In genere si dice "_quel qualcosa in più_", "_quel quid_", ma in questo caso viene naturale da chiedersi "Un pizzico in più di che?".


----------



## Neuromante

Creo que sería *"Toque"* en español. Sea lo que sea a lo que se refiere, está claro que en el contexto ese "añadido" a la trama define el carácter del "pizzico" así que no es necesario explicar en qué consiste.

Pongo un par de ejemplos, para que se entienda:
"La presenza di questo elemento(un regiseno) aggiunge quel pizzico _osè_ in più alla trama."
"La presenza di questo elemento(un viaggio sorpresa) aggiunge quel pizzico _aventuroso _in più alla trama."

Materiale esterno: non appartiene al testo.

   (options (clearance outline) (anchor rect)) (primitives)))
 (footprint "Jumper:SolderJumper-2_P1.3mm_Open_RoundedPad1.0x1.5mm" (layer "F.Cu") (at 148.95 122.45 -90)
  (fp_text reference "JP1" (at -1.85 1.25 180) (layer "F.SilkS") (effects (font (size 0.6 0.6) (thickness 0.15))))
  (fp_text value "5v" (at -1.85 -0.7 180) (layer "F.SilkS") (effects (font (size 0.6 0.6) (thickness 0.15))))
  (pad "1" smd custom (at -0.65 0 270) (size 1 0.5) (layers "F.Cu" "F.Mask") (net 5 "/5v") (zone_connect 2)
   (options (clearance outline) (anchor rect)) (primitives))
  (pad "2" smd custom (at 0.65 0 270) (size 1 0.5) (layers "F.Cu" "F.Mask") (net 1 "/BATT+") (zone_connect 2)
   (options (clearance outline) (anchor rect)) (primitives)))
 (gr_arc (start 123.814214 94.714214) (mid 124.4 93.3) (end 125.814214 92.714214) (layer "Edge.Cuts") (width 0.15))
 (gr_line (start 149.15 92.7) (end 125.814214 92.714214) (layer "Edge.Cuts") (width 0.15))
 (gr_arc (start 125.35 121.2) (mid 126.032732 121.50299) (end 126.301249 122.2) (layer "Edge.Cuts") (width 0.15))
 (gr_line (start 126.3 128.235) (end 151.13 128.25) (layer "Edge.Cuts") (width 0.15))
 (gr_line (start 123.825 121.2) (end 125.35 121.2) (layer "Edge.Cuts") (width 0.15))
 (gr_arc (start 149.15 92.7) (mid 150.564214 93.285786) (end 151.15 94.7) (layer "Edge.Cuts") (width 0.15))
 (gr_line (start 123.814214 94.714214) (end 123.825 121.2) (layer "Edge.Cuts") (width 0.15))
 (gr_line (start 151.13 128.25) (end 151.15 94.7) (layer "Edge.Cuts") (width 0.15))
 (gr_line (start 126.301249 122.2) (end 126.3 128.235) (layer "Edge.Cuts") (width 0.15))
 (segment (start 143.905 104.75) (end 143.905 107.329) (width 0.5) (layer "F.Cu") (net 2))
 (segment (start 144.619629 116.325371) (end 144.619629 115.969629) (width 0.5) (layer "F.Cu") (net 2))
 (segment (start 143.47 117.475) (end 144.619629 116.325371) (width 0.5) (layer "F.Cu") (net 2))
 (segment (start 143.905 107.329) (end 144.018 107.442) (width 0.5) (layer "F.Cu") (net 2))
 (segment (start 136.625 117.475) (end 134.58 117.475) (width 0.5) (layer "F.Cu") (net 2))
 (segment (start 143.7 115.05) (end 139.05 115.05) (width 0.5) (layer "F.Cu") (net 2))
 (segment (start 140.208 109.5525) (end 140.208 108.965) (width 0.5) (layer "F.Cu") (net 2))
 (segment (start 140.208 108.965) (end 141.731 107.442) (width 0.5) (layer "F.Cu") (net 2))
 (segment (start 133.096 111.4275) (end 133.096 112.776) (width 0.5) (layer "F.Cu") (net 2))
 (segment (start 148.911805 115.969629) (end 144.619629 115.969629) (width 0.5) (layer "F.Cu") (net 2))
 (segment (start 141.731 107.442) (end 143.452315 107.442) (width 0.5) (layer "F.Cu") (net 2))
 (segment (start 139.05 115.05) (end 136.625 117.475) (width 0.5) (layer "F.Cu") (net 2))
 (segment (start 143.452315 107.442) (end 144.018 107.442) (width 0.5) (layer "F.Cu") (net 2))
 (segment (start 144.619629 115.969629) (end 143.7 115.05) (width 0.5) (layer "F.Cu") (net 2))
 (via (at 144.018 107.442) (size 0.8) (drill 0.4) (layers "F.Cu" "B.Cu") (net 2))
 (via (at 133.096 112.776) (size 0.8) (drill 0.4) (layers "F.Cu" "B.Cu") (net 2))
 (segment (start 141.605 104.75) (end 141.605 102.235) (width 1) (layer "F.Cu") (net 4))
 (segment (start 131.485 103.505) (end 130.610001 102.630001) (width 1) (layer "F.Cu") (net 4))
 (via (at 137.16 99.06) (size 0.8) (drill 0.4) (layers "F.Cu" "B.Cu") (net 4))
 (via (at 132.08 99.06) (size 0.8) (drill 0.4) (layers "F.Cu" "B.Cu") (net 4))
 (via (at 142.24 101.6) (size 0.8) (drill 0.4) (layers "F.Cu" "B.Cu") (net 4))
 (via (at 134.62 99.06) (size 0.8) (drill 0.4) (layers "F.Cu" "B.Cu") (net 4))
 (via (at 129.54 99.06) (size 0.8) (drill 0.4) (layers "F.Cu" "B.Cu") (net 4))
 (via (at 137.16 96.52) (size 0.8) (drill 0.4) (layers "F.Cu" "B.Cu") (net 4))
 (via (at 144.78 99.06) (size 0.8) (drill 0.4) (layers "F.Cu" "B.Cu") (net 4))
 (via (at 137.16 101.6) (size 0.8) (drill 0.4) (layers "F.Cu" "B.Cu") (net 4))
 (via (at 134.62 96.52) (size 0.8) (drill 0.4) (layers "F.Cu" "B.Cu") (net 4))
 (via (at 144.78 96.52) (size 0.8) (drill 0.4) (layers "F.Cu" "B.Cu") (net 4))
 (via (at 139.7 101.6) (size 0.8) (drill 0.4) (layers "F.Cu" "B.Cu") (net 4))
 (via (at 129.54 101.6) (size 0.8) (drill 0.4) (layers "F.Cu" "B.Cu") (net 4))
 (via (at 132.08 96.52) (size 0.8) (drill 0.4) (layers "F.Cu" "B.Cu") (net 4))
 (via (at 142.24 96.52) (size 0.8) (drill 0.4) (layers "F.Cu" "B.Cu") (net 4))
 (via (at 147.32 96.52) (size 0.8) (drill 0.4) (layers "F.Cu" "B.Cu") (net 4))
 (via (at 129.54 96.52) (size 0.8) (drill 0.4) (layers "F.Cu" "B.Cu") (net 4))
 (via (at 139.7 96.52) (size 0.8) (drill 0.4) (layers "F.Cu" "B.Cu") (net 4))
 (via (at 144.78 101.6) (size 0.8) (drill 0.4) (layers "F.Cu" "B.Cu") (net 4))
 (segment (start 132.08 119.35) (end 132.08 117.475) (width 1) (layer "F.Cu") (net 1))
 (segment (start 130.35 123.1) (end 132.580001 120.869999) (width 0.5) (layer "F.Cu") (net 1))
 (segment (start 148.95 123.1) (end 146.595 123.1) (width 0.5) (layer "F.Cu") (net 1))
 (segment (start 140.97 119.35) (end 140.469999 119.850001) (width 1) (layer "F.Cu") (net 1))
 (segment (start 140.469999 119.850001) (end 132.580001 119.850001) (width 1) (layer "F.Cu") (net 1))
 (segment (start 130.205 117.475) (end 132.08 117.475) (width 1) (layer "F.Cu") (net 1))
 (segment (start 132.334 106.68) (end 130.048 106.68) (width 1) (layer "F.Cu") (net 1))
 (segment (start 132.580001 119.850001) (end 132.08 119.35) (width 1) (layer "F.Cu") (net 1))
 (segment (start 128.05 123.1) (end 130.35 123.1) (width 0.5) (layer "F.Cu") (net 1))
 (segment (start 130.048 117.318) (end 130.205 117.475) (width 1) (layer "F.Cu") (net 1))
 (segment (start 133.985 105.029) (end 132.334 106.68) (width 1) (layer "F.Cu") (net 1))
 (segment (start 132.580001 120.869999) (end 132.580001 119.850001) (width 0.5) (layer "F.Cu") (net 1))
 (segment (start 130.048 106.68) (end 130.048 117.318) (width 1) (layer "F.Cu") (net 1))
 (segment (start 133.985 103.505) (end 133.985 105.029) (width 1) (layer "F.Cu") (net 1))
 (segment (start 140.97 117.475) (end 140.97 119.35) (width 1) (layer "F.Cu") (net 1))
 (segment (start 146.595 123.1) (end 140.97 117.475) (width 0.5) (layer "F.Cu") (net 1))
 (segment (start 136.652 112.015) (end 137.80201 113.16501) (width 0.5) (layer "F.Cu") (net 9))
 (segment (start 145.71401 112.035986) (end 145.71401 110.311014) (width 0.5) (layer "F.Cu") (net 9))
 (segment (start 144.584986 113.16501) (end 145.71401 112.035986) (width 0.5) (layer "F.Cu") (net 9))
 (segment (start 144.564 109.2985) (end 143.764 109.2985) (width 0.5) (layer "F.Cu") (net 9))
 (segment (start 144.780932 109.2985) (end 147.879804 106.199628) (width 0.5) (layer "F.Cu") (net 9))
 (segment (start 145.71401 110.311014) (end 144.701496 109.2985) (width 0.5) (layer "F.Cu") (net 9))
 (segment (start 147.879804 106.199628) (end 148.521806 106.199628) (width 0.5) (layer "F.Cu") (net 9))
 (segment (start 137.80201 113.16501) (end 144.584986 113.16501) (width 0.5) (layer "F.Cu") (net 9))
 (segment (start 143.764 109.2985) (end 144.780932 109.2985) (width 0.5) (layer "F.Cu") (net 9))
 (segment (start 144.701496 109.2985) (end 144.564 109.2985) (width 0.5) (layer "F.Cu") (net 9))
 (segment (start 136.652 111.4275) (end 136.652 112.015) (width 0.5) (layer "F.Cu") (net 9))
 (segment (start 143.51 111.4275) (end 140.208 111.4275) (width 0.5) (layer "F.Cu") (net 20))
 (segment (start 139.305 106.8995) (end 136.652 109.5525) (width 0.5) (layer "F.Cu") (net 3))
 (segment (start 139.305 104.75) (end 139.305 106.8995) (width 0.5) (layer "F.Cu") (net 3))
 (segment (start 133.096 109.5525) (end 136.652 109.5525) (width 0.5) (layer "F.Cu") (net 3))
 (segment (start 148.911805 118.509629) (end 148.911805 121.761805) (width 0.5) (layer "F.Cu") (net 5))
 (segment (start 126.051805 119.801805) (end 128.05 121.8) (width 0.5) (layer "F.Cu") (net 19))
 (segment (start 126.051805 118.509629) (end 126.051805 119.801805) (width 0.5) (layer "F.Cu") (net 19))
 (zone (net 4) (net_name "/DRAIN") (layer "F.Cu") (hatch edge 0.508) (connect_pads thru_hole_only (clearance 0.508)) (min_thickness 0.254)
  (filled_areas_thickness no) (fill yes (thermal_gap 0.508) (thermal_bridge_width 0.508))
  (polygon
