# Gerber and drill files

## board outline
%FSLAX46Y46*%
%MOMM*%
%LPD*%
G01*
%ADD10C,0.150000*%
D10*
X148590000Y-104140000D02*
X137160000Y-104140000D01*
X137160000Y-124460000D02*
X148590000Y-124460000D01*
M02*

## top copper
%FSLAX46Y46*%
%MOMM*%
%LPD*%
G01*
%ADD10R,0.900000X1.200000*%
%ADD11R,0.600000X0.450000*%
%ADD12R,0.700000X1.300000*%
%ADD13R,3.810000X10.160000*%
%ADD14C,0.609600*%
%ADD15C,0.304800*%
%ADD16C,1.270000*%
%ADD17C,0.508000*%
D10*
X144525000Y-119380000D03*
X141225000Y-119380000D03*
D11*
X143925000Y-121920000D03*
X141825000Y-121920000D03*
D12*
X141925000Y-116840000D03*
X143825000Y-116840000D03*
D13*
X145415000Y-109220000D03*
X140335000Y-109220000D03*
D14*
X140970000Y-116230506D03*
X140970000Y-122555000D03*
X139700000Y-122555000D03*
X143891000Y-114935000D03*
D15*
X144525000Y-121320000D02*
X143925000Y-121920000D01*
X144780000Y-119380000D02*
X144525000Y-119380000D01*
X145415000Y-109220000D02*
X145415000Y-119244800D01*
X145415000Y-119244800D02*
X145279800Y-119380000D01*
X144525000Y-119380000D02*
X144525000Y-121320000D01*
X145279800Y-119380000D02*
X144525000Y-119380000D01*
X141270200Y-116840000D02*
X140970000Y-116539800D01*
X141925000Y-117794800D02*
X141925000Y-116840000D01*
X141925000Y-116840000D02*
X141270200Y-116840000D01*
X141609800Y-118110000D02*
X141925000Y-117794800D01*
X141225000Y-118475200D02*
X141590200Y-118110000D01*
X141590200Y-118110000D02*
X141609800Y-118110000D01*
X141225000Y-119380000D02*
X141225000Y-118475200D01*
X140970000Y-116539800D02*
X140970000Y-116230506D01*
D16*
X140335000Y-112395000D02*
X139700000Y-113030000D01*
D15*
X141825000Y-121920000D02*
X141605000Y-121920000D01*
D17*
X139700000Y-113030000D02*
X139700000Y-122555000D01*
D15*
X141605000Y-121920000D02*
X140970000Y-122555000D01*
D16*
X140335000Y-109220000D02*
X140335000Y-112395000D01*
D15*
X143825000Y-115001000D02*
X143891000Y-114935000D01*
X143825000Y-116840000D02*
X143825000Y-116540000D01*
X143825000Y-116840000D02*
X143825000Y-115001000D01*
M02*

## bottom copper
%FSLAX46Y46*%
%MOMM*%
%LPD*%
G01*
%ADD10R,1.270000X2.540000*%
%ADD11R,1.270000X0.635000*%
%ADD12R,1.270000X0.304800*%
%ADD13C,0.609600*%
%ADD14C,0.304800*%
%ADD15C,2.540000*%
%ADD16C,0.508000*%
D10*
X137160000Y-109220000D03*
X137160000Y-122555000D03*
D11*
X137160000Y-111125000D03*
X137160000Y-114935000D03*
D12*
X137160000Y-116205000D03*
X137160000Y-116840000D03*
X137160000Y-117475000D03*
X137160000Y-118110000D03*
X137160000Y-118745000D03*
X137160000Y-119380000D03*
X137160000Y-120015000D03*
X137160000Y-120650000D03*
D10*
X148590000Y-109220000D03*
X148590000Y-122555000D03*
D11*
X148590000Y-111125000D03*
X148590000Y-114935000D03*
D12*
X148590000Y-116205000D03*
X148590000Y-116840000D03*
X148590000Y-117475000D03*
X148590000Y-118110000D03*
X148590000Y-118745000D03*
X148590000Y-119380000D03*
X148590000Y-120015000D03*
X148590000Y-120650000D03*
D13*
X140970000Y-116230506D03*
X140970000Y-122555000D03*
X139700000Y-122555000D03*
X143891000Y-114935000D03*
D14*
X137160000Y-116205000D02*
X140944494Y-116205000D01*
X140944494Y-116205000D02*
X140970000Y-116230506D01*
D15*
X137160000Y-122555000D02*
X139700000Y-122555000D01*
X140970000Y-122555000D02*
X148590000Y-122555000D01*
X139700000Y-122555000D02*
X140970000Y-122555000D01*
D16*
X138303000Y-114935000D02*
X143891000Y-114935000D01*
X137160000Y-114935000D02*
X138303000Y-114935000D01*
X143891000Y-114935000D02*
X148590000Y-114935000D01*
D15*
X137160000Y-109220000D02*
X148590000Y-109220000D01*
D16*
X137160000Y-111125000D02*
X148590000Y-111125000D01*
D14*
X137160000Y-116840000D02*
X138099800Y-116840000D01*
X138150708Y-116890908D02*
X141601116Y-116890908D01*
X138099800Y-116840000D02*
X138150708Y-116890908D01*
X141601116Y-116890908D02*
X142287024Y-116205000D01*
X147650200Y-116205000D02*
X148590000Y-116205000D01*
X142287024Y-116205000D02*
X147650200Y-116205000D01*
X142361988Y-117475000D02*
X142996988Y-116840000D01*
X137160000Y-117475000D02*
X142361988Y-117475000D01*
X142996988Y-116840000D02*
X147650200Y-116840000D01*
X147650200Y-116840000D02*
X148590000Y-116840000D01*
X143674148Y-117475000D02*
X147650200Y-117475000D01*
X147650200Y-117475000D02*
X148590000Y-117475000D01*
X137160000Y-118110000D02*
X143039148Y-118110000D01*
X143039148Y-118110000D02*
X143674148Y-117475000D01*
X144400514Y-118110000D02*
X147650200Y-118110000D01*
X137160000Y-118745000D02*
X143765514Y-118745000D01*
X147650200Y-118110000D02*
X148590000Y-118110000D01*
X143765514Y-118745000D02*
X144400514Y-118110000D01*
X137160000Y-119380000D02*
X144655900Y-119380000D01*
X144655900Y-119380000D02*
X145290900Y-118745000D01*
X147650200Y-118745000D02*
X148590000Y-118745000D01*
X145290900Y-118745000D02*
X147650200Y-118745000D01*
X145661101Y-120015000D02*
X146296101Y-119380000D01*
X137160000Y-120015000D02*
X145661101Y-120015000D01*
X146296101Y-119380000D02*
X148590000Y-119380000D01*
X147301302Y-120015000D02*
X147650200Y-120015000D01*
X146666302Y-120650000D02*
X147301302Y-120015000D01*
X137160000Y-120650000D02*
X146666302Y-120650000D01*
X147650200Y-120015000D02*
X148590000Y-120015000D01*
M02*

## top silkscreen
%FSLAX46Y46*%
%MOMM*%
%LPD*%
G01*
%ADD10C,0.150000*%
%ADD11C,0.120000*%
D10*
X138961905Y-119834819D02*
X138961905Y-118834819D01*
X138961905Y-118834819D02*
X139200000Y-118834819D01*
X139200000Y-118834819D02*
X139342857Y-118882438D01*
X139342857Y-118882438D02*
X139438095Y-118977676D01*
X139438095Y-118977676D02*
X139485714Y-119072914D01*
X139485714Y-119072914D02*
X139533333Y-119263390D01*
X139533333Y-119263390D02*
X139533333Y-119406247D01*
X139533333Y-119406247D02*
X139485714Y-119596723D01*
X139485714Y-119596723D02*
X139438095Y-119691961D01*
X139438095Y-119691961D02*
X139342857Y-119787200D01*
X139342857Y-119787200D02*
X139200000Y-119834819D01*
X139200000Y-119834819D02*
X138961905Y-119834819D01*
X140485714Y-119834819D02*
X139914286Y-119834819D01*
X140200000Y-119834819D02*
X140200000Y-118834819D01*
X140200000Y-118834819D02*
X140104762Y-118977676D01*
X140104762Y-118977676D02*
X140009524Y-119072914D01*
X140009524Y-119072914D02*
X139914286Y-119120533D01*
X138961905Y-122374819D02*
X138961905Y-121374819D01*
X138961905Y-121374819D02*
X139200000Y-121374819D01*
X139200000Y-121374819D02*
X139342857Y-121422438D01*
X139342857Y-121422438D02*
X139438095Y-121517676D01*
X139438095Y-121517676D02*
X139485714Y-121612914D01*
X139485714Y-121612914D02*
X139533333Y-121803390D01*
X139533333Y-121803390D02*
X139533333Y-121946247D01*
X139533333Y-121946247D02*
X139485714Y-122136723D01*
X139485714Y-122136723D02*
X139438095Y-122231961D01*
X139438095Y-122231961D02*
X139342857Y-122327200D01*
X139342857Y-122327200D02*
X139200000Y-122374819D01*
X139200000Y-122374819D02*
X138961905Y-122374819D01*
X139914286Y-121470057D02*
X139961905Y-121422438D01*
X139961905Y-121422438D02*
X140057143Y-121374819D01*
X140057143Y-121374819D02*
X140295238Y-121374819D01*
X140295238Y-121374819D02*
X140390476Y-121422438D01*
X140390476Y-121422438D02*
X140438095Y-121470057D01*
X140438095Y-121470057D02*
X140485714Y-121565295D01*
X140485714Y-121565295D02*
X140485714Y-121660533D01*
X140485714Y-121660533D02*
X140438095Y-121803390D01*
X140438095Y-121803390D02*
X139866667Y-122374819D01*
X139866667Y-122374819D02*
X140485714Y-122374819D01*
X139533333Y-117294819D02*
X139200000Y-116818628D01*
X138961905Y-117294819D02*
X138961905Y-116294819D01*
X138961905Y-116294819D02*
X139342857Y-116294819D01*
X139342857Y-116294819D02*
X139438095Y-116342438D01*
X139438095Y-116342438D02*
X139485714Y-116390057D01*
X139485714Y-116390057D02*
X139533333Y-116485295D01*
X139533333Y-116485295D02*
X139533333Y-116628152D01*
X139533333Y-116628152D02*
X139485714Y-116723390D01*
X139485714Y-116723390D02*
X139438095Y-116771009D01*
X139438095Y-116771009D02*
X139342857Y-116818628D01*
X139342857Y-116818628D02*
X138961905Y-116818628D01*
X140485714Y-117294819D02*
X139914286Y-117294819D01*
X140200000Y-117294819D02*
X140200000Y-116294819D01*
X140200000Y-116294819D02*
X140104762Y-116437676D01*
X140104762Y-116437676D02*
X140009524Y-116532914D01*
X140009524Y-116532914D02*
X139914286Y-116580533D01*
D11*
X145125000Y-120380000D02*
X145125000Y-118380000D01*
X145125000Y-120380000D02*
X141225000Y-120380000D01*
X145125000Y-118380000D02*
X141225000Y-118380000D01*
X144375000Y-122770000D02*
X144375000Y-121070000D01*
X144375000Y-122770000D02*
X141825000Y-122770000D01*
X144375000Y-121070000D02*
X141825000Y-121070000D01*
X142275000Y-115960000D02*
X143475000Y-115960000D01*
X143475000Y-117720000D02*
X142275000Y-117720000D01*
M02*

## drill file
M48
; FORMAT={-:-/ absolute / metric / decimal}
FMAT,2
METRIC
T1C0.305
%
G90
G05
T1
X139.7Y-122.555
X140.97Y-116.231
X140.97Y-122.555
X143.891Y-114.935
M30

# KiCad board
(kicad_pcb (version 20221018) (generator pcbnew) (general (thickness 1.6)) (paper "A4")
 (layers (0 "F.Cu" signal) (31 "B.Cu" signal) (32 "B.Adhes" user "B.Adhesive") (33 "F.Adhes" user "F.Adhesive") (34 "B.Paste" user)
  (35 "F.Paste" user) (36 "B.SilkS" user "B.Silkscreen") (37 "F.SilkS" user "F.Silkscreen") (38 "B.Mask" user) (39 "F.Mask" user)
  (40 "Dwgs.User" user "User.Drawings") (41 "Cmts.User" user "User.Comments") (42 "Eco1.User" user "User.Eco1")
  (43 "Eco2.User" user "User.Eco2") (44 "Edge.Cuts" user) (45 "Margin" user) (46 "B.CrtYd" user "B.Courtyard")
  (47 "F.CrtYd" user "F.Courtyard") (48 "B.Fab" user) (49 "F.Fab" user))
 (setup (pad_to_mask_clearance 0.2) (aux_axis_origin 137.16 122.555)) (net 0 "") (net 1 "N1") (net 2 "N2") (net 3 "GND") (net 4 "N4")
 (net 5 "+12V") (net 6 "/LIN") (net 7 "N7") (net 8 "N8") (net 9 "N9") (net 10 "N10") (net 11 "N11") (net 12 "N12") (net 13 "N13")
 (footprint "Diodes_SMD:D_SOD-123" (layer "F.Cu") (at 142.875 119.38 180)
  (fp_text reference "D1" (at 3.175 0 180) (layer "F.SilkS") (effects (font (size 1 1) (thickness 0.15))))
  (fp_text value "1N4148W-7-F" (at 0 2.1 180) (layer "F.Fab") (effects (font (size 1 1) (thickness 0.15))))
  (fp_line (start -2.25 -1) (end -2.25 1) (stroke (width 0.12) (type solid)) (layer "F.SilkS"))
  (fp_line (start -2.25 -1) (end 1.65 -1) (stroke (width 0.12) (type solid)) (layer "F.SilkS"))
  (fp_line (start -2.25 1) (end 1.65 1) (stroke (width 0.12) (type solid)) (layer "F.SilkS"))
  (pad "1" smd rect (at -1.65 0 180) (size 0.9 1.2) (layers "F.Cu" "F.Paste" "F.Mask") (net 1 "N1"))
  (pad "2" smd rect (at 1.65 0 180) (size 0.9 1.2) (layers "F.Cu" "F.Paste" "F.Mask") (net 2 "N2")))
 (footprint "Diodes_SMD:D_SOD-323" (layer "F.Cu") (at 142.875 121.92 180)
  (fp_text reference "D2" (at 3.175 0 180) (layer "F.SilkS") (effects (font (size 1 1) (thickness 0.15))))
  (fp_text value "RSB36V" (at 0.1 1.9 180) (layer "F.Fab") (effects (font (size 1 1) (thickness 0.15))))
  (fp_line (start -1.5 -0.85) (end -1.5 0.85) (stroke (width 0.12) (type solid)) (layer "F.SilkS"))
  (fp_line (start -1.5 -0.85) (end 1.05 -0.85) (stroke (width 0.12) (type solid)) (layer "F.SilkS"))
  (fp_line (start -1.5 0.85) (end 1.05 0.85) (stroke (width 0.12) (type solid)) (layer "F.SilkS"))
  (pad "1" smd rect (at -1.05 0 180) (size 0.6 0.45) (layers "F.Cu" "F.Paste" "F.Mask") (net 1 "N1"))
  (pad "2" smd rect (at 1.05 0 180) (size 0.6 0.45) (layers "F.Cu" "F.Paste" "F.Mask") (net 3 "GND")))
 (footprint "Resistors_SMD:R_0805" (layer "F.Cu") (at 142.875 116.84)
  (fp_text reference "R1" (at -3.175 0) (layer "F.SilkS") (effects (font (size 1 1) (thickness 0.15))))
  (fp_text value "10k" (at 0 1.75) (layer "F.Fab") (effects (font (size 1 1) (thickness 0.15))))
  (fp_line (start -0.6 -0.88) (end 0.6 -0.88) (stroke (width 0.12) (type solid)) (layer "F.SilkS"))
  (fp_line (start 0.6 0.88) (end -0.6 0.88) (stroke (width 0.12) (type solid)) (layer "F.SilkS"))
  (pad "1" smd rect (at -0.95 0) (size 0.7 1.3) (layers "F.Cu" "F.Paste" "F.Mask") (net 2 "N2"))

Anche funzionerebbe se si tratasse di un "pizzico" di rinforzo. Semplicemente si stà dicendo che questo elemento (Appena agiunto al discorso) aiuta nel´aspetto dalla trama da cui si sta parlando


----------



## niklavjus

Estoy de acuerdo contigo, Neuromante, el sentido esta claro, pero creo que se debería especificar, como tu haces, "_quel pizzico di X in più_".


----------



## Lexinauta

¿No podría ser que 'agrega una _vuelta de tuerca_ a la trama'?


----------



## niklavjus

Todo podría se, pero en italiano "_un pizzico_" se presupone ser _"de algo_".


----------



## Neuromante

Es que creo que el "elemento" debe venir dado por el contexto de la frase y "el algo" es parte del sentido general que le está dando al discurso. Que si supiéramos de qué va lo entenderíamos. Seguramente el estilo con que el autor escribe es bastante florido.


----------



## gatogab

Ese elemento (genérico que quizá quién sabe lo que es) da a la trama una _vuelta de tuerca, un _*Toque*, ese poquito más, _*ese pequeño ingrediente*,_ esa puntita en más, un poquito más, di non si sa che cosa.


----------



## Neuromante

Appuhnto.
Ma imagino che si capisca perfettamente dal discorso.


----------



## gatogab

Neuromante said:


> Appunto.
> Ma immagino che si capisca perfettamente dal discorso.


Mica tanto.


----------



## Neuromante

Dal discorso complessivo non solo da un paio de frasi. Basterebbe che Anita ci fornisca il tema del testo


----------